Friedrich (Frítrich) I. (*1676 – †1726)
As wanted by his father, Friedrich became in 1701, 25 years old, margrave of Moravia and in 1723, when his father died, he became a king (47). He died too soon in 1726, leaving the Kingdom in difficult situation, because both his sons, older Albrecht (13) and younger Johannes (1), were too young to claim the throne.

Dietrich (Títrich) I. (*1676 – †1747)
Frichdrich’s twin Dietrich was imposed by Rome in 1701 as an archbishop of Prague.

In 1726, when Friedrich died, his brother Dietrich became Bohemian king as a king-regent, and ruled till 1733. When he was 57 years old, he abdicated and left young Albrecht IV. to enter throne.

The youngest brother of Friedrich and Dietrich, Konrad (*1678 - †1707), was well-known general, he died in battle in Felvidék (Slevania) against Turks, becoming a national hero.

Albrecht (Olprecht) IV. (*1713 – †1750)
He ruled 17 years, dying of a strange disease in 1750. During his rule, in 1747, new University was found in Olmütz, Rudolf-Universität, the second to Karl-Ferdinand Universität in Prague. Then, his brother Johannes became king.

Johannes (Hons) I. (*1725 – †1795)
Archbishop Johannes had a difficult choice. His brother died suddenly childless and because of possible foreign intrusion from side of Prussia, he decided to take the power. He abolished celibacy in the newly reformed General Bohemian Church (Ta Ólkmajn Pémiš Kirchna), holding both functions - king and archbishop. It was direct following of Bohemian Way. He got married and being 49 years old, his wife Elizabeth von und zu Sternberg gave him son Antonius.
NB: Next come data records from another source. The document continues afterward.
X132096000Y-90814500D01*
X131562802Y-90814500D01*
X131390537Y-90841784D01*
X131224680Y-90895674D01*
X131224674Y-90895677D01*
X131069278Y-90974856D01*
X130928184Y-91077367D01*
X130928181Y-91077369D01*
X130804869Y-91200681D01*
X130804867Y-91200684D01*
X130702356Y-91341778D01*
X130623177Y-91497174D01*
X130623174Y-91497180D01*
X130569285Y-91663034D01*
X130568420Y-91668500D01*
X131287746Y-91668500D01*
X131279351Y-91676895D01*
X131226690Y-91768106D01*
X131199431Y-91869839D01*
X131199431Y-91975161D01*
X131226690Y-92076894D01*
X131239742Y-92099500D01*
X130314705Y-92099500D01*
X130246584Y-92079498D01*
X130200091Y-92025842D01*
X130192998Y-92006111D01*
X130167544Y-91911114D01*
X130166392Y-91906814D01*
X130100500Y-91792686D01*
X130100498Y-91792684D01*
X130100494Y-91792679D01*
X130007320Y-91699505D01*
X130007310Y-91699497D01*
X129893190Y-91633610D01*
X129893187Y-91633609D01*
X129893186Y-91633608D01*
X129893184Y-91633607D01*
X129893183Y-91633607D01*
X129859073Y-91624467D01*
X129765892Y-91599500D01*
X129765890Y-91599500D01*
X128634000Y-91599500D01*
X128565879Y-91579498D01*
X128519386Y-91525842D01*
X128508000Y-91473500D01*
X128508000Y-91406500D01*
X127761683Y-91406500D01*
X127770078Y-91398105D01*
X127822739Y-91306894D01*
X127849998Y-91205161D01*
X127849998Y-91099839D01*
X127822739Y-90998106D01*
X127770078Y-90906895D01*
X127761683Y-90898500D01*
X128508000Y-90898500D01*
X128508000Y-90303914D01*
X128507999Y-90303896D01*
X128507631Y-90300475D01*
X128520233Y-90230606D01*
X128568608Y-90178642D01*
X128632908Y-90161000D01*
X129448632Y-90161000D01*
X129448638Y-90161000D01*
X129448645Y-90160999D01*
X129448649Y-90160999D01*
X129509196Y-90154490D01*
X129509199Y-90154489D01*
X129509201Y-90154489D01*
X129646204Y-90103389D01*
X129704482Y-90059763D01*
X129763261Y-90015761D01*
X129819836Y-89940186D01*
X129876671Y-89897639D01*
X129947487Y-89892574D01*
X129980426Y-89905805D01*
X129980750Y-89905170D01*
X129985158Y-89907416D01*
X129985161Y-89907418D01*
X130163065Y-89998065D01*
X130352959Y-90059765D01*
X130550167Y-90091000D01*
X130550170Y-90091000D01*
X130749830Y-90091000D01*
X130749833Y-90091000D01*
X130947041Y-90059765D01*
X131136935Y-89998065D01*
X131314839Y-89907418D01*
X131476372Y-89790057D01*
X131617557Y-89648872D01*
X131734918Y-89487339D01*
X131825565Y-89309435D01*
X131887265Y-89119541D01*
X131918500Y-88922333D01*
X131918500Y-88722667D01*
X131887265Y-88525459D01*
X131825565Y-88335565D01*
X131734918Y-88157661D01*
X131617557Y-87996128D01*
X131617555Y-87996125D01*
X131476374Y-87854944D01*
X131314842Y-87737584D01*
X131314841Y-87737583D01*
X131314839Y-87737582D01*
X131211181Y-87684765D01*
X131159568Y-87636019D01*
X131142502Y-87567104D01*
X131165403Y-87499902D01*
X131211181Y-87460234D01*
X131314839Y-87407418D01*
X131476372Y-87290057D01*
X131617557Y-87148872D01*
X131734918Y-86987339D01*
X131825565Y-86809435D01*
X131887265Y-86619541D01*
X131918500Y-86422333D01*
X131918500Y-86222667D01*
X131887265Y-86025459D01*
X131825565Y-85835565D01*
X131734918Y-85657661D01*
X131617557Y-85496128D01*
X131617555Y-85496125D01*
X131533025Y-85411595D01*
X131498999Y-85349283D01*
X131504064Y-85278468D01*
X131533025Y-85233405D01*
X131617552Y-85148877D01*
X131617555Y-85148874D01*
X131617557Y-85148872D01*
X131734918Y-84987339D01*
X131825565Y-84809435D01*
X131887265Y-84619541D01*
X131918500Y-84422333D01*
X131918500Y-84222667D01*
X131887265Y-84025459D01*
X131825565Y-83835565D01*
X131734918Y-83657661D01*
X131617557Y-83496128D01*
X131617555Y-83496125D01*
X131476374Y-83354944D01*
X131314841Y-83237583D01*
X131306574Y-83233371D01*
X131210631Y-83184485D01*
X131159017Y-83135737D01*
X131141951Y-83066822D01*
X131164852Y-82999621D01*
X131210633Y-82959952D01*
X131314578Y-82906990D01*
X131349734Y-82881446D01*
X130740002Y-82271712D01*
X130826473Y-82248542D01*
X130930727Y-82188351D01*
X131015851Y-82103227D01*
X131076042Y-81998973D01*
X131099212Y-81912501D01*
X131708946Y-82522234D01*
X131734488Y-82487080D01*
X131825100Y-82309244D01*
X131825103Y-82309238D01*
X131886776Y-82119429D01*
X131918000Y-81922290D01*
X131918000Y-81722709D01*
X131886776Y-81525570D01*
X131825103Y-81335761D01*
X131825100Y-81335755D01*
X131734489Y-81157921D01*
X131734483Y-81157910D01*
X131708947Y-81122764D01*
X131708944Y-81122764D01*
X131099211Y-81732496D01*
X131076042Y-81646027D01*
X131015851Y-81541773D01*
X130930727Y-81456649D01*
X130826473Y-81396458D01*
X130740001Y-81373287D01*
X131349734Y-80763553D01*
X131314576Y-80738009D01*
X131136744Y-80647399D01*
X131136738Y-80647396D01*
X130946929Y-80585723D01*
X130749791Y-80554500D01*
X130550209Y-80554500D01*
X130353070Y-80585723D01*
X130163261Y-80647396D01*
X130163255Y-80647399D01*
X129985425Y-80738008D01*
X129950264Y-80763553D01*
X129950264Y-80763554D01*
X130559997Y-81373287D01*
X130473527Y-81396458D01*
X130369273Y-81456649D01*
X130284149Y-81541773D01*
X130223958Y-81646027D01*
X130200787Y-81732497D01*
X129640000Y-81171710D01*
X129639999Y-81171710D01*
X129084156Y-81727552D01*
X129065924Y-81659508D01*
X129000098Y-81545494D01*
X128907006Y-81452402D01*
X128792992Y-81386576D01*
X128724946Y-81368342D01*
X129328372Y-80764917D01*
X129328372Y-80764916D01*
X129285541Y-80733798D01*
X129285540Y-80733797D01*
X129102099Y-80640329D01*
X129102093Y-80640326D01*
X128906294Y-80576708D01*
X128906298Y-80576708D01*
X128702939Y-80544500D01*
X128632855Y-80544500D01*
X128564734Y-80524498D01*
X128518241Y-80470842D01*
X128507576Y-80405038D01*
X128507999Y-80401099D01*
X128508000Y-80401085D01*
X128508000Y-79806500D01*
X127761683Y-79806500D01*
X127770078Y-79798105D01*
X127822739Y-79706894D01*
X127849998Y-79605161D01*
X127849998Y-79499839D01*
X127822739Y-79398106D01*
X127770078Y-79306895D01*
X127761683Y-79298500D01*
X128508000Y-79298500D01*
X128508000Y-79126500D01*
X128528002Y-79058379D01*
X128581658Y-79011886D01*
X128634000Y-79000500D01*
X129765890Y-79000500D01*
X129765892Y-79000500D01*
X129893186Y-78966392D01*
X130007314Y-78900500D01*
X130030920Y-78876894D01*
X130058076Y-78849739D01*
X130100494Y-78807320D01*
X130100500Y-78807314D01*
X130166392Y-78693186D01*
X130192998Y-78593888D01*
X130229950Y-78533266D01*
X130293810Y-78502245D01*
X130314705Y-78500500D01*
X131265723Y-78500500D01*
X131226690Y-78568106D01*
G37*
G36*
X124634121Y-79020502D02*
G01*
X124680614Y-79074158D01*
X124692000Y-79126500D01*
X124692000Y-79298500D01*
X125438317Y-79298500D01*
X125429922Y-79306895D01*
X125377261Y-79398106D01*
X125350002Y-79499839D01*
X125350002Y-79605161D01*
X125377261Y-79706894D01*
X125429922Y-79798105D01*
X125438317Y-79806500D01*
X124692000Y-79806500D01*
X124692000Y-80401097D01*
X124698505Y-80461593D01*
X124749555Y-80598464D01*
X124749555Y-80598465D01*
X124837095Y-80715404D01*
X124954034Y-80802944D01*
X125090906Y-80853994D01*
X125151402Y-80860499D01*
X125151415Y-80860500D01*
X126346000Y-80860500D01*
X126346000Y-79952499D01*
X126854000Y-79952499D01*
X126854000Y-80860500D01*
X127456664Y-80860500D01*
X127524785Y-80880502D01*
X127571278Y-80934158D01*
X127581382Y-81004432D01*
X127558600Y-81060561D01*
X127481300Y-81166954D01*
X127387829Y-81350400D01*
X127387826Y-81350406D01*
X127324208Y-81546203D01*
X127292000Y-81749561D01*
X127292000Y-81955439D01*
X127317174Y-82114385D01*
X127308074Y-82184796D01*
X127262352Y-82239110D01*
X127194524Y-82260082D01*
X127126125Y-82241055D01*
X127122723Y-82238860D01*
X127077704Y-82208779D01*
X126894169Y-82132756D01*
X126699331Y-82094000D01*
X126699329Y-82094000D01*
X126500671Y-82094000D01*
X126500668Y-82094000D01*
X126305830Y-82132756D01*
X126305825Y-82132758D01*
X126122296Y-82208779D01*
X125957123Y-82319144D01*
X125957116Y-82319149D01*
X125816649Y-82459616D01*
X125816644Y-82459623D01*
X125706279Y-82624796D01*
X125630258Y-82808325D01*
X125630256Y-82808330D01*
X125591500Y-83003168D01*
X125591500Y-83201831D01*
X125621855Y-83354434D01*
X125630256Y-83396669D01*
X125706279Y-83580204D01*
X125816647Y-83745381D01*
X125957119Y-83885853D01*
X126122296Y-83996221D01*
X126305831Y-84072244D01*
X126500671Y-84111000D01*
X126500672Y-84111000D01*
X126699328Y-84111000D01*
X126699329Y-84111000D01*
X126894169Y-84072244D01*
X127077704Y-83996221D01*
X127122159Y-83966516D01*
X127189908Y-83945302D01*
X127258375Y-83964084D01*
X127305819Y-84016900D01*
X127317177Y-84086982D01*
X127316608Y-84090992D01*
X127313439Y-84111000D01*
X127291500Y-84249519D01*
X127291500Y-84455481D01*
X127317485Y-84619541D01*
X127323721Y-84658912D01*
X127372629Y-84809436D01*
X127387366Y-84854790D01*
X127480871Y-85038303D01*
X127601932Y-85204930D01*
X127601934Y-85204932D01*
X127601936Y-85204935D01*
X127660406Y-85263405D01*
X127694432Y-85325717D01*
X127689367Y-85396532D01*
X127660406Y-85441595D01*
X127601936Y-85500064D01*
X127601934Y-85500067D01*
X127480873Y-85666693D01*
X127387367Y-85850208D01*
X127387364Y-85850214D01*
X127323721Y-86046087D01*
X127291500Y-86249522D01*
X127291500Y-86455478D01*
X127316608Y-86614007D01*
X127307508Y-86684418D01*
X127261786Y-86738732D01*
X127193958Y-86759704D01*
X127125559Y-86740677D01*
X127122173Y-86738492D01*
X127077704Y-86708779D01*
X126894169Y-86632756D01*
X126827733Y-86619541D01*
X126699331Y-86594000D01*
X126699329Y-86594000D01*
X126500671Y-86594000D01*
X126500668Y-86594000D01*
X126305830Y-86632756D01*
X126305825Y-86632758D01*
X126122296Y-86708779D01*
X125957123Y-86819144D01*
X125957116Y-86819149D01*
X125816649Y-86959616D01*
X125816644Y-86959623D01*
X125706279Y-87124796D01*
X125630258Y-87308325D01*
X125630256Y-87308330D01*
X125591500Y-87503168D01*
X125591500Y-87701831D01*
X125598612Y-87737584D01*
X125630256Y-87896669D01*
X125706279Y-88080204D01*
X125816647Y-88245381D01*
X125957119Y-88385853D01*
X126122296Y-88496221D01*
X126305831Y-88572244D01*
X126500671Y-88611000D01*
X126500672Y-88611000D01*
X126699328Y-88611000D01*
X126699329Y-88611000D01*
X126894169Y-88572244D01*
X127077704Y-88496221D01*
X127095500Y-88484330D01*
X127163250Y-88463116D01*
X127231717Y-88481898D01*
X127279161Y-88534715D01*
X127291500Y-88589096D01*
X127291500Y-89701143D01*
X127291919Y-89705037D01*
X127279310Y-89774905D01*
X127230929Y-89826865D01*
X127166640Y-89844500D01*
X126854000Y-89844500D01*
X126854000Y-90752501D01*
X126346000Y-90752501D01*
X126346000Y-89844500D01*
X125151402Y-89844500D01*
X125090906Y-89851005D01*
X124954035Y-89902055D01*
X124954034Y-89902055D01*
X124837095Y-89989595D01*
Rising tension in HRE resulted in aims of Prussia to enstrenghten its possition within HR Empire. To do so, 1766 Prussian king invaded Bohemian Kingdom in a try to capture Silesia and Lusatia. In a decisive battle at Semten, near Pardubitz, better equipped Prussian Army was able to defeat Bohemian Army, even it has almost twice as many soldiers as the Prussian one. Luckily, in a battle near Prague, 1767, Prussia was stopped in further attempts to unify HRE including Austria and Bohemian Kingdom. The peace was sour for Bohemians, they lost Lusatia and Silesia, but remained independent.

In the same moment, following the secret agreement between ADM and Prussia, Austro-Dalmatians had invaded Hungary. Bohemo-Hungarian Army, struggeling for survival in nothern Bohemia, was not able to stop them. ADM in a short time conquerred all the Hungarian territory, which was not under Ottomans rule.

These two fatal failures led Johannes to think more intensivelly about development of the country to sustain any possible future aggression.